*Work instruction*
Say how many lines in the entries hold the string "font", giving the number by itself.

*Dataset extract*
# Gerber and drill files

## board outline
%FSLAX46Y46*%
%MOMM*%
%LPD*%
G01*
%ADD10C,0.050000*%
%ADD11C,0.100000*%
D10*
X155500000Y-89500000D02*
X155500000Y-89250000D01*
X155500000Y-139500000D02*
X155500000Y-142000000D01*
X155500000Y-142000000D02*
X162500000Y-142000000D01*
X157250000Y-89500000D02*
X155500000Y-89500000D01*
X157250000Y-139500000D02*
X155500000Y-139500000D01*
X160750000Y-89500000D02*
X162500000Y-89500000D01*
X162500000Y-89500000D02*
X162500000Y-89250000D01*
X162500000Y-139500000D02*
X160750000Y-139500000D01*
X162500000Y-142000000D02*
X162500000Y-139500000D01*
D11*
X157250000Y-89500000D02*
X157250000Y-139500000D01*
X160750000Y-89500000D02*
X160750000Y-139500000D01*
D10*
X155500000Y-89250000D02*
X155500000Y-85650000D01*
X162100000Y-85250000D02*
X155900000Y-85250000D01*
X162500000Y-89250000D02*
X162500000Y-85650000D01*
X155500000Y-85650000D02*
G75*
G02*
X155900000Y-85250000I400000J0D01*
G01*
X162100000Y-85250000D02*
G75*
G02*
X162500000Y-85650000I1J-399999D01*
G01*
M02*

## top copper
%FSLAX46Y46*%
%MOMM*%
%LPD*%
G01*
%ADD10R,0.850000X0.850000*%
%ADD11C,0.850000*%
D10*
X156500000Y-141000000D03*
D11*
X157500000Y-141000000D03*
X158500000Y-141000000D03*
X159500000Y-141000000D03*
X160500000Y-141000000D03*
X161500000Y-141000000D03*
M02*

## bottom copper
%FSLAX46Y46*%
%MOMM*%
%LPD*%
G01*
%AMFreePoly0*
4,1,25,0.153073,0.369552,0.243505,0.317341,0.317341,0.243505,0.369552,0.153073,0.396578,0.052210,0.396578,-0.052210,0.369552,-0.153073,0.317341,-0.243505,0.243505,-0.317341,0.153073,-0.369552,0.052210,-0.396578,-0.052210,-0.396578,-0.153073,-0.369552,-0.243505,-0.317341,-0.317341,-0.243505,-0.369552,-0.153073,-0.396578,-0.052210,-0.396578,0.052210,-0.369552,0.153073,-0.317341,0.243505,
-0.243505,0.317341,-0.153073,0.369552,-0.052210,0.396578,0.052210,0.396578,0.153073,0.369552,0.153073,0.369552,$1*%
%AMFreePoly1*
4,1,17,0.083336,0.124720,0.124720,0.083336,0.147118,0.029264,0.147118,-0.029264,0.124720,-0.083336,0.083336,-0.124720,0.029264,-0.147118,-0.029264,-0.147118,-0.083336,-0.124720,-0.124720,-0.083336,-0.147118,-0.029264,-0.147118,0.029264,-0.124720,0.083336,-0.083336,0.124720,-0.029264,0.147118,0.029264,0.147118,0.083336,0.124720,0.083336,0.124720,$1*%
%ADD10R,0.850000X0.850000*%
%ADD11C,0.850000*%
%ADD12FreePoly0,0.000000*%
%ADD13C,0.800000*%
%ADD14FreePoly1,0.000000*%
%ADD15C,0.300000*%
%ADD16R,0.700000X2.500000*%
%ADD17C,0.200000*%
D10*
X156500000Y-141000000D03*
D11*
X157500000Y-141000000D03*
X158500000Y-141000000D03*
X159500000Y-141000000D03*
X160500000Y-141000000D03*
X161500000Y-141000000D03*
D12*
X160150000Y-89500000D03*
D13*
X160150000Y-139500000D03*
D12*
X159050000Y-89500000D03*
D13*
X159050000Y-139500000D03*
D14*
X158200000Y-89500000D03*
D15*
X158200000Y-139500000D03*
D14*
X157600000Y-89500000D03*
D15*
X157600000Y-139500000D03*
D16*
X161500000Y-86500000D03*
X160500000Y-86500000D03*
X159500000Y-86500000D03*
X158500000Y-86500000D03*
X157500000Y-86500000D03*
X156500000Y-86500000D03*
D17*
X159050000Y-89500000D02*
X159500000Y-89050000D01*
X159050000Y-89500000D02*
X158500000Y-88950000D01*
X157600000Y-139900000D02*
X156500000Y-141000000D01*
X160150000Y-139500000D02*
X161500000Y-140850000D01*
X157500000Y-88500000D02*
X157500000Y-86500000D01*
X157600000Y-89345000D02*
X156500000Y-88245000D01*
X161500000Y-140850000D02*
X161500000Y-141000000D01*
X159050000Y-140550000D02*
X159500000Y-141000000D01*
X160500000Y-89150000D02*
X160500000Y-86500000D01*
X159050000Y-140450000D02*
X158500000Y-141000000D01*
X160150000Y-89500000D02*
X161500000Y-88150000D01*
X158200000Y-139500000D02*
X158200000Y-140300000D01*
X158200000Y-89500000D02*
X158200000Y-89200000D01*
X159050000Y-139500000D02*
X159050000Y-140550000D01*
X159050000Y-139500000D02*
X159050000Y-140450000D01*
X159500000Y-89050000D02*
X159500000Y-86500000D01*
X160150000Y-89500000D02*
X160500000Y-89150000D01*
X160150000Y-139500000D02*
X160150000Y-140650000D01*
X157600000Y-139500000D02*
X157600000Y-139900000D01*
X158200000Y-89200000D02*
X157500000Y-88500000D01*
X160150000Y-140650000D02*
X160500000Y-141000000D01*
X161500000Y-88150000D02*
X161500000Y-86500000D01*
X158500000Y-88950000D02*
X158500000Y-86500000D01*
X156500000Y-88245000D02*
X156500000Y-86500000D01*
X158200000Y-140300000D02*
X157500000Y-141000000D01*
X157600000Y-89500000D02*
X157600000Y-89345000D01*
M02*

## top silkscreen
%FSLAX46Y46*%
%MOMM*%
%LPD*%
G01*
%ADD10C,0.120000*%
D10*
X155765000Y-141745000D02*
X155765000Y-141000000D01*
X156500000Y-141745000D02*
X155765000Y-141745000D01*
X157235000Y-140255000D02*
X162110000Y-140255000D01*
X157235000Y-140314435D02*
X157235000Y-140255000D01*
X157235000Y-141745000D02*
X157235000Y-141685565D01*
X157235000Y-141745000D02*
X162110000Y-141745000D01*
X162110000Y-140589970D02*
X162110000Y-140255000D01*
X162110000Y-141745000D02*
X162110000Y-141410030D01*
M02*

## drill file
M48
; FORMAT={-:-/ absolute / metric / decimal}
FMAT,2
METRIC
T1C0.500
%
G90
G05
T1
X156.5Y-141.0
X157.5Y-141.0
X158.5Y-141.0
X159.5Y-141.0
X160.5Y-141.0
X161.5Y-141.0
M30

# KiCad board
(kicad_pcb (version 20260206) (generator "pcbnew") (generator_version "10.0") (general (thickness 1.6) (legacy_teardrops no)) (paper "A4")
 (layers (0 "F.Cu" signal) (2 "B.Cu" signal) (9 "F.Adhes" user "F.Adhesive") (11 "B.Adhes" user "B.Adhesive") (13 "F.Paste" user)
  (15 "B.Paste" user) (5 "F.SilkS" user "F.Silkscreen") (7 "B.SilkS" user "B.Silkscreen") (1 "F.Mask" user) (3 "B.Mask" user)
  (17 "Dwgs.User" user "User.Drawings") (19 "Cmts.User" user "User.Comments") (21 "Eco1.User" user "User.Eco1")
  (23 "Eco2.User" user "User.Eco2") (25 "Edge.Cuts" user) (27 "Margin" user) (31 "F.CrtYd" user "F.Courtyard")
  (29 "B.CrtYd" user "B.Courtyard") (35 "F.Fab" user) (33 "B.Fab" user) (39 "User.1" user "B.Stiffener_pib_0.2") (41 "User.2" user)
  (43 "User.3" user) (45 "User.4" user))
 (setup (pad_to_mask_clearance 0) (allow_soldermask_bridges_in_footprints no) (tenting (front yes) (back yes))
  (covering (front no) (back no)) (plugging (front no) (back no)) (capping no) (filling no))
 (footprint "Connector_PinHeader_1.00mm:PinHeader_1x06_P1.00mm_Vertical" (layer "F.Cu") (at 156.5 141 90)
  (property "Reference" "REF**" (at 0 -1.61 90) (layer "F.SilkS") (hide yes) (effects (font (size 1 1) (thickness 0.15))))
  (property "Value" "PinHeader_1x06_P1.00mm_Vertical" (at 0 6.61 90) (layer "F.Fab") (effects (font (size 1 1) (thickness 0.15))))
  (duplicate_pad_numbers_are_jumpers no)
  (fp_line (start -0.745 -0.735) (end 0 -0.735) (stroke (width 0.12) (type solid)) (layer "F.SilkS"))
  (fp_line (start -0.745 0) (end -0.745 -0.735) (stroke (width 0.12) (type solid)) (layer "F.SilkS"))
  (fp_line (start 0.745 0.735) (end 0.745 5.61) (stroke (width 0.12) (type solid)) (layer "F.SilkS"))
  (fp_line (start 0.685565 0.735) (end 0.745 0.735) (stroke (width 0.12) (type solid)) (layer "F.SilkS"))
  (fp_line (start -0.745 0.735) (end -0.685565 0.735) (stroke (width 0.12) (type solid)) (layer "F.SilkS"))
  (fp_line (start -0.745 0.735) (end -0.745 5.61) (stroke (width 0.12) (type solid)) (layer "F.SilkS"))
  (fp_line (start 0.41003 5.61) (end 0.745 5.61) (stroke (width 0.12) (type solid)) (layer "F.SilkS"))
  (fp_line (start -0.745 5.61) (end -0.41003 5.61) (stroke (width 0.12) (type solid)) (layer "F.SilkS"))
  (pad "1" thru_hole rect (at 0 0 90) (size 0.85 0.85) (drill 0.5) (layers "*.Cu" "*.Mask") (remove_unused_layers no))
  (pad "2" thru_hole circle (at 0 1 90) (size 0.85 0.85) (drill 0.5) (layers "*.Cu" "*.Mask") (remove_unused_layers no))
  (pad "3" thru_hole circle (at 0 2 90) (size 0.85 0.85) (drill 0.5) (layers "*.Cu" "*.Mask") (remove_unused_layers no))
  (pad "4" thru_hole circle (at 0 3 90) (size 0.85 0.85) (drill 0.5) (layers "*.Cu" "*.Mask") (remove_unused_layers no))
  (pad "5" thru_hole circle (at 0 4 90) (size 0.85 0.85) (drill 0.5) (layers "*.Cu" "*.Mask") (remove_unused_layers no))
  (pad "6" thru_hole circle (at 0 5 90) (size 0.85 0.85) (drill 0.5) (layers "*.Cu" "*.Mask") (remove_unused_layers no)))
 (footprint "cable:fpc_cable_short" (layer "F.Cu") (at 159 89.5)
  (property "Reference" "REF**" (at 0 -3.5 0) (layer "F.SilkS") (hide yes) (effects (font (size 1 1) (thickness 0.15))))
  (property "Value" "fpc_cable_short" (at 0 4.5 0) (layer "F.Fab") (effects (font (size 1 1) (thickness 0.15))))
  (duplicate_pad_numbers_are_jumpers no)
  (fp_line (start -1.75 0) (end -1.75 50) (stroke (width 0.1) (type solid)) (layer "Edge.Cuts"))
  (fp_line (start 1.75 0) (end 1.75 50) (stroke (width 0.1) (type solid)) (layer "Edge.Cuts"))
  (pad "1" smd custom (at 1.15 0) (size 0.8 0.8) (layers "B.Cu") (thermal_bridge_angle 90) (options (clearance outline) (anchor circle))
   (primitives))
  (pad "1" smd circle (at 1.15 50) (size 0.8 0.8) (layers "B.Cu"))
  (pad "2" smd custom (at 0.05 0) (size 0.8 0.8) (layers "B.Cu") (thermal_bridge_angle 90) (options (clearance outline) (anchor circle))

*Answer to this task*
4